Державин, конечно, не Ломоносов, и естественные науки для него, в лучшем случае, — источник метафор, но никак не поэтическая тема. Принимая в целом идею о том, что метафорический статус оптики для Державина гораздо важнее ее физической сущности, мы позволим себе не согласиться с последней частью утверждения A.-Л. Крон, содержащей противопоставление зрительных эффектов, производимых при помощи фонаря (или камеры-обскуры), — техническому устройству этих машин. Вероятно, в приложении к «Жизни Званской» все сказанное полностью справедливо. Но загадка «Фонаря», на наш взгляд, заключается именно в философском осмыслении механизма зрелища.
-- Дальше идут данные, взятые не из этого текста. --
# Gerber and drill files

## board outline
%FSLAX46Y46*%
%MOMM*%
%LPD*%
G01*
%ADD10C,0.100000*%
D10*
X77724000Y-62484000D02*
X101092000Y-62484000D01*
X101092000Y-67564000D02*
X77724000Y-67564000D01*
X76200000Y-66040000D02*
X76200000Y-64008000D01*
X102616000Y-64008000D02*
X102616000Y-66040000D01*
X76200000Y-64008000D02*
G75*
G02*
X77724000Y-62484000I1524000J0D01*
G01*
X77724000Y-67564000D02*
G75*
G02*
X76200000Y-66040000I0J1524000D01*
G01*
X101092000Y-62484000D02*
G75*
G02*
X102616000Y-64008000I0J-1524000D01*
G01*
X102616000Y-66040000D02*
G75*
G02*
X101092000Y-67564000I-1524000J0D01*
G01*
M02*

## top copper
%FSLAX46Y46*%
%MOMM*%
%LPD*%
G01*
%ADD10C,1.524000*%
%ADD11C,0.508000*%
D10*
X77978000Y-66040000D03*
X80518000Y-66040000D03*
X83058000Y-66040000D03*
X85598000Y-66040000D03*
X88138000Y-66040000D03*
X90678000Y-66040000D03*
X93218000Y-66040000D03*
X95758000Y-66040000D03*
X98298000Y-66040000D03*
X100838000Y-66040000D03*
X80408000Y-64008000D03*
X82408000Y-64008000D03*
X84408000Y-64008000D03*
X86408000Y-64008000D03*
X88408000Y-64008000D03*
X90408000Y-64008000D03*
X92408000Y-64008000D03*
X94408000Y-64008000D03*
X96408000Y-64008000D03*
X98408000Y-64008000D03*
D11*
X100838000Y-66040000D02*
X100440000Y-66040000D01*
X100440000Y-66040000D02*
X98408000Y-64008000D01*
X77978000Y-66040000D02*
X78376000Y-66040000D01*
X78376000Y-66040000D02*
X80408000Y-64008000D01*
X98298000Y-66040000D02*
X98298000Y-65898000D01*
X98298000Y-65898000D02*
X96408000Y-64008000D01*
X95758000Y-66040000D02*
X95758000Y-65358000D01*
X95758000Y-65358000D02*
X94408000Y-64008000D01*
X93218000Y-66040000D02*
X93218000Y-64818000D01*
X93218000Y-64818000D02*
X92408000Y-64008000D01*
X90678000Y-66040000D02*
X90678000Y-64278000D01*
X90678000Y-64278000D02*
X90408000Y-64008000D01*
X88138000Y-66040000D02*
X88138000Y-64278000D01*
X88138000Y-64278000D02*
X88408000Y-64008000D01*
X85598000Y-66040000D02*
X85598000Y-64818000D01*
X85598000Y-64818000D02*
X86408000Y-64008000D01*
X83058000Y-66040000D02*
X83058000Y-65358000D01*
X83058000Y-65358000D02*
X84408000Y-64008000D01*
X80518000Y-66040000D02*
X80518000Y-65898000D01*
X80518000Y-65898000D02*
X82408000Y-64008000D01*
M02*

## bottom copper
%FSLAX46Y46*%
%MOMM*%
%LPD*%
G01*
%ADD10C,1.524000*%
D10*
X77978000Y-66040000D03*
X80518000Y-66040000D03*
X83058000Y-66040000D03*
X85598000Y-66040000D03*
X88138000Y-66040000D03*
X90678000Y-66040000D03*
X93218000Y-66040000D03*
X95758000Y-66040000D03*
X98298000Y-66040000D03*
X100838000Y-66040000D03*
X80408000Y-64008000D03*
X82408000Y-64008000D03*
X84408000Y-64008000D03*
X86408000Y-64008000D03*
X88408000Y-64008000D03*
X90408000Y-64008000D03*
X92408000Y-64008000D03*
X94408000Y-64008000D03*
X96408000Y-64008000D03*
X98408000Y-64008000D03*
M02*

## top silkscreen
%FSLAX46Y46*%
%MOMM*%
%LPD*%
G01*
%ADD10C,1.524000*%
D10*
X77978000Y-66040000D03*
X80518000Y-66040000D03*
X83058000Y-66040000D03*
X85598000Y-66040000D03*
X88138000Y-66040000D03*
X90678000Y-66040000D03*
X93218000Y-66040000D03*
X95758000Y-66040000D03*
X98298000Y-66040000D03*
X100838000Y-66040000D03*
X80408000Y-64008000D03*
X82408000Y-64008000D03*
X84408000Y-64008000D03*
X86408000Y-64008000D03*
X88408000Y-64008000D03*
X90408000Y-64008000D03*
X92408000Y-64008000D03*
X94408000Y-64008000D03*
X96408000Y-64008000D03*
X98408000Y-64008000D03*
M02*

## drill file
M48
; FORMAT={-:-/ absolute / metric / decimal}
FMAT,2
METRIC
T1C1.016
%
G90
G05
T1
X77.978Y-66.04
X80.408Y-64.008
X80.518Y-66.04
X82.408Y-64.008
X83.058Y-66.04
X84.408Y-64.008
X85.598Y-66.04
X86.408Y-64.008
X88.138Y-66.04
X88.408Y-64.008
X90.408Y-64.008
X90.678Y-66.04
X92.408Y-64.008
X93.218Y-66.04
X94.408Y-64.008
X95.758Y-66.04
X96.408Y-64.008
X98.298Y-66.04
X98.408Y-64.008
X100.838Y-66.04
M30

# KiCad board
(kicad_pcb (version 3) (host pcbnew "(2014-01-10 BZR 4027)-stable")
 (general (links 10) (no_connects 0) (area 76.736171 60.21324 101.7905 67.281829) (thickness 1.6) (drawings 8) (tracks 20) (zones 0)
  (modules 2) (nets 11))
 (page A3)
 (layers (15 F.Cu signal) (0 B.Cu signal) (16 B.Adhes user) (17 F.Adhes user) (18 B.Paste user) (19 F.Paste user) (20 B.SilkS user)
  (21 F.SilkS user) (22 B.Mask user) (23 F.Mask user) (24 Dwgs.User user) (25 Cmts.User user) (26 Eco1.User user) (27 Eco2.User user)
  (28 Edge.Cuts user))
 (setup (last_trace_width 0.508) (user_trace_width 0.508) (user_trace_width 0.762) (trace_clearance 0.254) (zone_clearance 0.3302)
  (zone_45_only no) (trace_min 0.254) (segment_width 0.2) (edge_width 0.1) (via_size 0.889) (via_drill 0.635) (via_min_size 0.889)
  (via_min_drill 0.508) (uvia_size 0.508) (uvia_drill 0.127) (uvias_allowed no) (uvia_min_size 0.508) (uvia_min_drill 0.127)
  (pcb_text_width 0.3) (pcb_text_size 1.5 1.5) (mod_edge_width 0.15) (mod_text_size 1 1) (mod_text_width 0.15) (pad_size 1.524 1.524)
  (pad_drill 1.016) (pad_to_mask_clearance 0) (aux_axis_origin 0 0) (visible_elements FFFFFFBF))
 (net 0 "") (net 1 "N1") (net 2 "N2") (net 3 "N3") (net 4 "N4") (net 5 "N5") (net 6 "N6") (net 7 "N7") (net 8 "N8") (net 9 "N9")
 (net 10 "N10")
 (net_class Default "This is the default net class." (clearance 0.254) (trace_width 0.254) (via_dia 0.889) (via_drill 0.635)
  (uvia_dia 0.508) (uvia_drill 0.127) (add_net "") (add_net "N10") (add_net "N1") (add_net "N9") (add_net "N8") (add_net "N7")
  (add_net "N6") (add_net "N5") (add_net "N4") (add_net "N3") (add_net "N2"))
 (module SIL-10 (layer F.Cu) (at 89.408 66.04)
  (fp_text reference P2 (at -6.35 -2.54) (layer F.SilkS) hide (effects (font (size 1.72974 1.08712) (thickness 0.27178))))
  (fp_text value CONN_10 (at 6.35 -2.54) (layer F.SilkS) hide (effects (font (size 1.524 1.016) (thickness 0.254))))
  (pad 1 thru_hole circle (at -11.43 0) (size 1.524 1.524) (drill 1.016) (layers *.Cu *.Mask F.SilkS) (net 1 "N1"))
  (pad 2 thru_hole circle (at -8.89 0) (size 1.524 1.524) (drill 1.016) (layers *.Cu *.Mask F.SilkS) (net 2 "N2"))
  (pad 3 thru_hole circle (at -6.35 0) (size 1.524 1.524) (drill 1.016) (layers *.Cu *.Mask F.SilkS) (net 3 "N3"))
  (pad 4 thru_hole circle (at -3.81 0) (size 1.524 1.524) (drill 1.016) (layers *.Cu *.Mask F.SilkS) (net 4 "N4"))
  (pad 5 thru_hole circle (at -1.27 0) (size 1.524 1.524) (drill 1.016) (layers *.Cu *.Mask F.SilkS) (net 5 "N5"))
  (pad 6 thru_hole circle (at 1.27 0) (size 1.524 1.524) (drill 1.016) (layers *.Cu *.Mask F.SilkS) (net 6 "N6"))
  (pad 7 thru_hole circle (at 3.81 0) (size 1.524 1.524) (drill 1.016) (layers *.Cu *.Mask F.SilkS) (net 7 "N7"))
  (pad 8 thru_hole circle (at 6.35 0) (size 1.524 1.524) (drill 1.016) (layers *.Cu *.Mask F.SilkS) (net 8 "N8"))
  (pad 9 thru_hole circle (at 8.89 0) (size 1.524 1.524) (drill 1.016) (layers *.Cu *.Mask F.SilkS) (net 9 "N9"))
  (pad 10 thru_hole circle (at 11.43 0) (size 1.524 1.524) (drill 1.016) (layers *.Cu *.Mask F.SilkS) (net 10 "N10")))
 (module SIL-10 (layer F.Cu) (at 89.408 64.008)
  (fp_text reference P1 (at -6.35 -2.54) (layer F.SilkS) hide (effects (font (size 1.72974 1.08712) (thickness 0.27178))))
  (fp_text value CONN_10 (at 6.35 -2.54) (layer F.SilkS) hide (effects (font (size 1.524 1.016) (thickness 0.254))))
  (pad 1 thru_hole circle (at -9 0) (size 1.524 1.524) (drill 1.016) (layers *.Cu *.Mask F.SilkS) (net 1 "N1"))
  (pad 2 thru_hole circle (at -7 0) (size 1.524 1.524) (drill 1.016) (layers *.Cu *.Mask F.SilkS) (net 2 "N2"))
  (pad 3 thru_hole circle (at -5 0) (size 1.524 1.524) (drill 1.016) (layers *.Cu *.Mask F.SilkS) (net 3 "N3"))
  (pad 4 thru_hole circle (at -3 0) (size 1.524 1.524) (drill 1.016) (layers *.Cu *.Mask F.SilkS) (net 4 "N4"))
  (pad 5 thru_hole circle (at -1 0) (size 1.524 1.524) (drill 1.016) (layers *.Cu *.Mask F.SilkS) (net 5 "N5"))
  (pad 6 thru_hole circle (at 1 0) (size 1.524 1.524) (drill 1.016) (layers *.Cu *.Mask F.SilkS) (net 6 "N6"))
  (pad 7 thru_hole circle (at 3 0) (size 1.524 1.524) (drill 1.016) (layers *.Cu *.Mask F.SilkS) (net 7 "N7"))
  (pad 8 thru_hole circle (at 5 0) (size 1.524 1.524) (drill 1.016) (layers *.Cu *.Mask F.SilkS) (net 8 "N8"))
  (pad 9 thru_hole circle (at 7 0) (size 1.524 1.524) (drill 1.016) (layers *.Cu *.Mask F.SilkS) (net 9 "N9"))
  (pad 10 thru_hole circle (at 9 0) (size 1.524 1.524) (drill 1.016) (layers *.Cu *.Mask F.SilkS) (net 10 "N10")))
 (gr_line (start 77.724 62.484) (end 101.092 62.484) (angle 90) (layer Edge.Cuts) (width 0.1))
 (gr_line (start 101.092 67.564) (end 77.724 67.564) (angle 90) (layer Edge.Cuts) (width 0.1))
 (gr_line (start 76.2 66.04) (end 76.2 64.008) (angle 90) (layer Edge.Cuts) (width 0.1))
 (gr_line (start 102.616 64.008) (end 102.616 66.04) (angle 90) (layer Edge.Cuts) (width 0.1))
 (gr_arc (start 77.724 64.008) (end 76.2 64.008) (angle 90) (layer Edge.Cuts) (width 0.1))
 (gr_arc (start 77.724 66.04) (end 77.724 67.564) (angle 90) (layer Edge.Cuts) (width 0.1))
 (gr_arc (start 101.092 64.008) (end 101.092 62.484) (angle 90) (layer Edge.Cuts) (width 0.1))
 (gr_arc (start 101.092 66.04) (end 102.616 66.04) (angle 90) (layer Edge.Cuts) (width 0.1))
 (segment (start 100.838 66.04) (end 100.44 66.04) (width 0.508) (layer F.Cu) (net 10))
 (segment (start 100.44 66.04) (end 98.408 64.008) (width 0.508) (layer F.Cu) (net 10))
 (segment (start 77.978 66.04) (end 78.376 66.04) (width 0.508) (layer F.Cu) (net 1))
 (segment (start 78.376 66.04) (end 80.408 64.008) (width 0.508) (layer F.Cu) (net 1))
 (segment (start 98.298 66.04) (end 98.298 65.898) (width 0.508) (layer F.Cu) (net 9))
 (segment (start 98.298 65.898) (end 96.408 64.008) (width 0.508) (layer F.Cu) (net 9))
 (segment (start 95.758 66.04) (end 95.758 65.358) (width 0.508) (layer F.Cu) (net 8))
 (segment (start 95.758 65.358) (end 94.408 64.008) (width 0.508) (layer F.Cu) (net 8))
 (segment (start 93.218 66.04) (end 93.218 64.818) (width 0.508) (layer F.Cu) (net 7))
 (segment (start 93.218 64.818) (end 92.408 64.008) (width 0.508) (layer F.Cu) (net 7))
 (segment (start 90.678 66.04) (end 90.678 64.278) (width 0.508) (layer F.Cu) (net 6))
 (segment (start 90.678 64.278) (end 90.408 64.008) (width 0.508) (layer F.Cu) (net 6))
 (segment (start 88.138 66.04) (end 88.138 64.278) (width 0.508) (layer F.Cu) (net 5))
 (segment (start 88.138 64.278) (end 88.408 64.008) (width 0.508) (layer F.Cu) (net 5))
 (segment (start 85.598 66.04) (end 85.598 64.818) (width 0.508) (layer F.Cu) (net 4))
 (segment (start 85.598 64.818) (end 86.408 64.008) (width 0.508) (layer F.Cu) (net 4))
 (segment (start 83.058 66.04) (end 83.058 65.358) (width 0.508) (layer F.Cu) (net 3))
 (segment (start 83.058 65.358) (end 84.408 64.008) (width 0.508) (layer F.Cu) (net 3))
 (segment (start 80.518 66.04) (end 80.518 65.898) (width 0.508) (layer F.Cu) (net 2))
 (segment (start 80.518 65.898) (end 82.408 64.008) (width 0.508) (layer F.Cu) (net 2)))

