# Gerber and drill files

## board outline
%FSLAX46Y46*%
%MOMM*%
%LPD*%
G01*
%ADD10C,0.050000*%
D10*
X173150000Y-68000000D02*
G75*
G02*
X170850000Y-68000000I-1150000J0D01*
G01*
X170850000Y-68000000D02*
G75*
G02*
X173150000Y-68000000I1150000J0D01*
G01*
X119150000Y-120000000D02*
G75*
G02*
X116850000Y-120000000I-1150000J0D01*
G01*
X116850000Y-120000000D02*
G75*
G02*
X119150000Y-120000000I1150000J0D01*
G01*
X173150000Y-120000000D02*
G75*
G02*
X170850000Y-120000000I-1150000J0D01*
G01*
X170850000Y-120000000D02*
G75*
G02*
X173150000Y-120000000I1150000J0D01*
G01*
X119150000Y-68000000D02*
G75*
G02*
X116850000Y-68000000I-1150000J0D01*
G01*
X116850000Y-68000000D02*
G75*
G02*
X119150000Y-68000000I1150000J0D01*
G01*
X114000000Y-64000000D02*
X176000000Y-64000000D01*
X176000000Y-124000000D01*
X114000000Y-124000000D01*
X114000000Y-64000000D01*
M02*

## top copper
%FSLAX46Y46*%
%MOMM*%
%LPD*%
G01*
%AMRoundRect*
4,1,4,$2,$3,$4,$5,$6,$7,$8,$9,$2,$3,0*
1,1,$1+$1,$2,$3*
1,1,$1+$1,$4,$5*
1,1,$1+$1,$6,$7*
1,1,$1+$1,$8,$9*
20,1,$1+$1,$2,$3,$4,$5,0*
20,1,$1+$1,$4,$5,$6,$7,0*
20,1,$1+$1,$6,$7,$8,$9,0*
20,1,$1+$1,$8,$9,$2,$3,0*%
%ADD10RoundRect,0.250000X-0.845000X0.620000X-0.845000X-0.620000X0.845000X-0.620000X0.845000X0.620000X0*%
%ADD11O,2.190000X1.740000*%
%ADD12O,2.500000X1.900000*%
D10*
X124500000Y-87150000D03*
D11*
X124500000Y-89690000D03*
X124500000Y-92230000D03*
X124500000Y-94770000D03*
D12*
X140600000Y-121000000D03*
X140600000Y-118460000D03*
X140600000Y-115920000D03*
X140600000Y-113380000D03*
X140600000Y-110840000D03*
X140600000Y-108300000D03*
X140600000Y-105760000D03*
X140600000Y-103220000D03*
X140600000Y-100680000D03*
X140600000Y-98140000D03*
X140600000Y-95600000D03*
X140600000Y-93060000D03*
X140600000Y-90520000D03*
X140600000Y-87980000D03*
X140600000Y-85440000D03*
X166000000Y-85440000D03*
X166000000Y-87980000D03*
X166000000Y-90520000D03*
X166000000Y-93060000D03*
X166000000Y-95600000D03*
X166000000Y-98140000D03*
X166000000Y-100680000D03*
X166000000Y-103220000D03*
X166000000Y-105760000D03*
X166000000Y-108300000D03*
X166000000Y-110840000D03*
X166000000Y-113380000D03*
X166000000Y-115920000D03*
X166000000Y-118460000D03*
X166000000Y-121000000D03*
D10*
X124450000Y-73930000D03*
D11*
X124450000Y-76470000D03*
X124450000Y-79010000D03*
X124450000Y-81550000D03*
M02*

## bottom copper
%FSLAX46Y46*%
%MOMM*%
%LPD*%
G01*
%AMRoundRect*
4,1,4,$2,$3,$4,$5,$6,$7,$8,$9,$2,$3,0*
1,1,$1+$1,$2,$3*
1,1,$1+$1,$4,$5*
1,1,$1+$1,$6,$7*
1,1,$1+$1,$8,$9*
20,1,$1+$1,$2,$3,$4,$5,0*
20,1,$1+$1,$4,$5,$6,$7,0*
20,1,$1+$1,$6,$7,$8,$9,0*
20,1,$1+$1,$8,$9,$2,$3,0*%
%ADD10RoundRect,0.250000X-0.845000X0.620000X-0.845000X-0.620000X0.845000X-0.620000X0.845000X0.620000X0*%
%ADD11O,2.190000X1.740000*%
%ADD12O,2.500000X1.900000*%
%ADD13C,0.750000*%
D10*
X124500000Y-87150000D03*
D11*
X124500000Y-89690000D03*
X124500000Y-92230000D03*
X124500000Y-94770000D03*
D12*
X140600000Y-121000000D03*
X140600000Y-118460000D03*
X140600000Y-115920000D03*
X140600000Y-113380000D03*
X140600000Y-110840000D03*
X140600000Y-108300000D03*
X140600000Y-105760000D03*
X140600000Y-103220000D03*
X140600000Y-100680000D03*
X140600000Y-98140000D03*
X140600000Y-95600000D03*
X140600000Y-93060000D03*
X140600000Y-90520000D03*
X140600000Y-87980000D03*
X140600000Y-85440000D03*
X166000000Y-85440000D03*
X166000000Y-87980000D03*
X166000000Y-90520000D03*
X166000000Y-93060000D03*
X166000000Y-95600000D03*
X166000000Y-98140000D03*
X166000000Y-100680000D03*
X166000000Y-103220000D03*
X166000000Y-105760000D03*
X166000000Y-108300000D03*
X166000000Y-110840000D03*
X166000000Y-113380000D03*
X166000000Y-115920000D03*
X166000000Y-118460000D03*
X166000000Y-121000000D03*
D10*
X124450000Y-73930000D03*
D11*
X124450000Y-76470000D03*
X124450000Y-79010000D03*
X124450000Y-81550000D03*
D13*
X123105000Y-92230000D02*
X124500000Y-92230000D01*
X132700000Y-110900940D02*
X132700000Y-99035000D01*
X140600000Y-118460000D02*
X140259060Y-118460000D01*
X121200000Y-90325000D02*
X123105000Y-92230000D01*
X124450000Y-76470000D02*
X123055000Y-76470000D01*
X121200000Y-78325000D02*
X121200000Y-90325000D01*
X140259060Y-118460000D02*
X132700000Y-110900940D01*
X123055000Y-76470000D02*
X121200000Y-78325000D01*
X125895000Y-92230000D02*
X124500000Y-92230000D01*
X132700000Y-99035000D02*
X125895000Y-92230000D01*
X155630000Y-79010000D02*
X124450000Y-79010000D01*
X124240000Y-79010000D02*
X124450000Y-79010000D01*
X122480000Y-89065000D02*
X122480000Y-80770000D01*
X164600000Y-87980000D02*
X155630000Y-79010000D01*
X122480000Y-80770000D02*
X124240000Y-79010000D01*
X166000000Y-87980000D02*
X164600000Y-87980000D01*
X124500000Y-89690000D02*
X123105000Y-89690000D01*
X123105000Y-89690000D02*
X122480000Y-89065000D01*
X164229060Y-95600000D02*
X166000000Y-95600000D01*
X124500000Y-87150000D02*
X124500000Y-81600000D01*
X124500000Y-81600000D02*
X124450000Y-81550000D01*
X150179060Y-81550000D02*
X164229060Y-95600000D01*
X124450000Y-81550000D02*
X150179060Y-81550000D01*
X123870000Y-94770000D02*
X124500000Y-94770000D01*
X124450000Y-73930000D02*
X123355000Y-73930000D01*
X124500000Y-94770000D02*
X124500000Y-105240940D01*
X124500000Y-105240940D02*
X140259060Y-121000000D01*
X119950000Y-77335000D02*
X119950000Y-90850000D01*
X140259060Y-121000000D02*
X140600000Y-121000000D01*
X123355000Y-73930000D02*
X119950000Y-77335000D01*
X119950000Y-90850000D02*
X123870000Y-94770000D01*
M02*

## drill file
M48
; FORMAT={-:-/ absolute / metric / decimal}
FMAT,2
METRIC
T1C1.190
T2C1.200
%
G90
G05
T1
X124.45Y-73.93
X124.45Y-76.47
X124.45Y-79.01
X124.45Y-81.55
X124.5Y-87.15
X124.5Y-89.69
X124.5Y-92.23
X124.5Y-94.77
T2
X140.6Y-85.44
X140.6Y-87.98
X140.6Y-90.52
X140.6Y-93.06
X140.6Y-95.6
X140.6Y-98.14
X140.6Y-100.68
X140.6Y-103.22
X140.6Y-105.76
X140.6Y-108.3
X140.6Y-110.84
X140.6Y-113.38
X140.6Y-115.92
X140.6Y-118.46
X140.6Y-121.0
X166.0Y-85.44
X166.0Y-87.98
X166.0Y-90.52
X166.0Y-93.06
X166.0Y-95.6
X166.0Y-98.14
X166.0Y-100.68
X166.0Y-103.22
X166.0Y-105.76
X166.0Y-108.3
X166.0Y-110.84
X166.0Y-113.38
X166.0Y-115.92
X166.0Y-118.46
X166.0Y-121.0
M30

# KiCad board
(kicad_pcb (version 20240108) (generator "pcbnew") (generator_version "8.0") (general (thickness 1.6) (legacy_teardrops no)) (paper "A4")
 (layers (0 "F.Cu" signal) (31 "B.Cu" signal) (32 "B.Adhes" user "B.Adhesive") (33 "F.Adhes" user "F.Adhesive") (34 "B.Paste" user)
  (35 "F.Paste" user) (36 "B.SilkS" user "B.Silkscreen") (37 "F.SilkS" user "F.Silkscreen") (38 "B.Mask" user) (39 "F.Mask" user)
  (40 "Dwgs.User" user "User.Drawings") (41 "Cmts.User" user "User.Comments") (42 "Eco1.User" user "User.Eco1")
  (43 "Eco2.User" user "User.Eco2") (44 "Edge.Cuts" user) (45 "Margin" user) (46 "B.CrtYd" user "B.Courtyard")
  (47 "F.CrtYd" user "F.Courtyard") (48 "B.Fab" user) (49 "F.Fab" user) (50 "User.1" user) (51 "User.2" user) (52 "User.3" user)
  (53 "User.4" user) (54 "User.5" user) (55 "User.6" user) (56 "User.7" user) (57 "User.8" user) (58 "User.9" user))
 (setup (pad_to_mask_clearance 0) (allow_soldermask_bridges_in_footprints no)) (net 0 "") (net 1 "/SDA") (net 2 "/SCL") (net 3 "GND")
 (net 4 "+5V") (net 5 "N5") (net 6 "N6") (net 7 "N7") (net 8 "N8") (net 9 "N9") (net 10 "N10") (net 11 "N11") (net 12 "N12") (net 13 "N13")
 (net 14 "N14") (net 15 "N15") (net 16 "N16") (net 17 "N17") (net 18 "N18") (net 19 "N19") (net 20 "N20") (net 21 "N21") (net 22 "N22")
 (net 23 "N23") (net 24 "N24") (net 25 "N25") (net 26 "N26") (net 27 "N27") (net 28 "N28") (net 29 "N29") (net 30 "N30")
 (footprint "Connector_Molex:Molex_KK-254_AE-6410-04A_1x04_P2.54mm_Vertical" (layer "F.Cu") (at 124.5 87.15 -90)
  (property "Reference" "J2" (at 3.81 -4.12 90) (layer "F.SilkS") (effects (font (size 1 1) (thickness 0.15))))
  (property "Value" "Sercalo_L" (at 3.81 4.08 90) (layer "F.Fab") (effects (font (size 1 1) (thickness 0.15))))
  (pad "1" thru_hole roundrect (at 0 0 270) (size 1.74 2.19) (drill 1.19) (layers "*.Cu" "*.Mask") (remove_unused_layers no)
   (roundrect_rratio 0.143678) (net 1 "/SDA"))
  (pad "2" thru_hole oval (at 2.54 0 270) (size 1.74 2.19) (drill 1.19) (layers "*.Cu" "*.Mask") (remove_unused_layers no) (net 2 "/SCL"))
  (pad "3" thru_hole oval (at 5.08 0 270) (size 1.74 2.19) (drill 1.19) (layers "*.Cu" "*.Mask") (remove_unused_layers no) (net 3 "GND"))
  (pad "4" thru_hole oval (at 7.62 0 270) (size 1.74 2.19) (drill 1.19) (layers "*.Cu" "*.Mask") (remove_unused_layers no) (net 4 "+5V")))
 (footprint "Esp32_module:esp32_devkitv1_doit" (layer "F.Cu") (at 153.3 104.49)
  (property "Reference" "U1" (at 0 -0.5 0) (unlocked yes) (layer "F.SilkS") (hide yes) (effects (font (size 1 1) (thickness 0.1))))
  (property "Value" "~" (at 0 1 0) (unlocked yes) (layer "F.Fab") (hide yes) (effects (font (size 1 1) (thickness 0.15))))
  (pad "1" thru_hole oval (at -12.7 16.51 180) (size 2.5 1.9) (drill 1.2) (layers "*.Cu" "*.Mask") (remove_unused_layers no) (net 4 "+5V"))
  (pad "2" thru_hole oval (at -12.7 13.97 180) (size 2.5 1.9) (drill 1.2) (layers "*.Cu" "*.Mask") (remove_unused_layers no) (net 3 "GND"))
Не отражение и не преломление, — сложные и, без сомнения, принципиально важные для державинской поэтики оптические процессы[72], — но гениальный в своей простоте и потому совершенно не-барочный принцип действия волшебного фонаря — лежит в основе метафоры, к которой обращается здесь Державин. В настоящей статье нам хотелось бы обратить особое внимание, с одной стороны, на дату создания и контекст первых публикаций «Фонаря» и, с другой, — на структуру описанного здесь «оптического спектакля». Где-то на пересечении технологии и хронологии и лежит ключ к этому странному стихотворению-представлению, которое, в свою очередь, может многое объяснить в философии истории позднего Державина.
68
См.: Gamboni D. The Destruction of Art: Iconoclasm and Vandalism since the French Revolution. New Haven; London, 1997; Fritzsche Peter. Stranded in the Present: Modern Time and the Melancholy of History. Cambridge, 2004.
69
Именно в правление Екатерины возрос интерес и к беллетристическим, и к документированным исследованиям допетровской истории. Кульминацией этих изысканий стало открытие в начале 1790-х годов «Слова о полку Игореве».
70
Куда больший интерес это стихотворение традиционно вызывает у историков кино и тех исследователей, чья деятельность прямо или косвенно связана с не вполне определенной, но чрезвычайно популярной в наши дни областью знания, называемой «историей визуальности». Ср. упоминание о «Фонаре» в известной книге Ю. М. Лотмана и Ю. Г. Цивьяна «Диалог с экраном» (Таллин, 1994. С. 36).
71
Crone A.-L. The Daring of Derzhavin. The Moral and Aesthtic Independence of the Poet in Russia Bloomington, 2001. P. 105.
72
Здесь нельзя не сослаться на ставшую «классической» работу М. Гришаковой «Семантика отражения в поэзии Державина» (Труды по знаковым системам 23. Тарту, 1989. С. 139–144). На нее опирается в своих рассуждениях и А.-Л. Крон.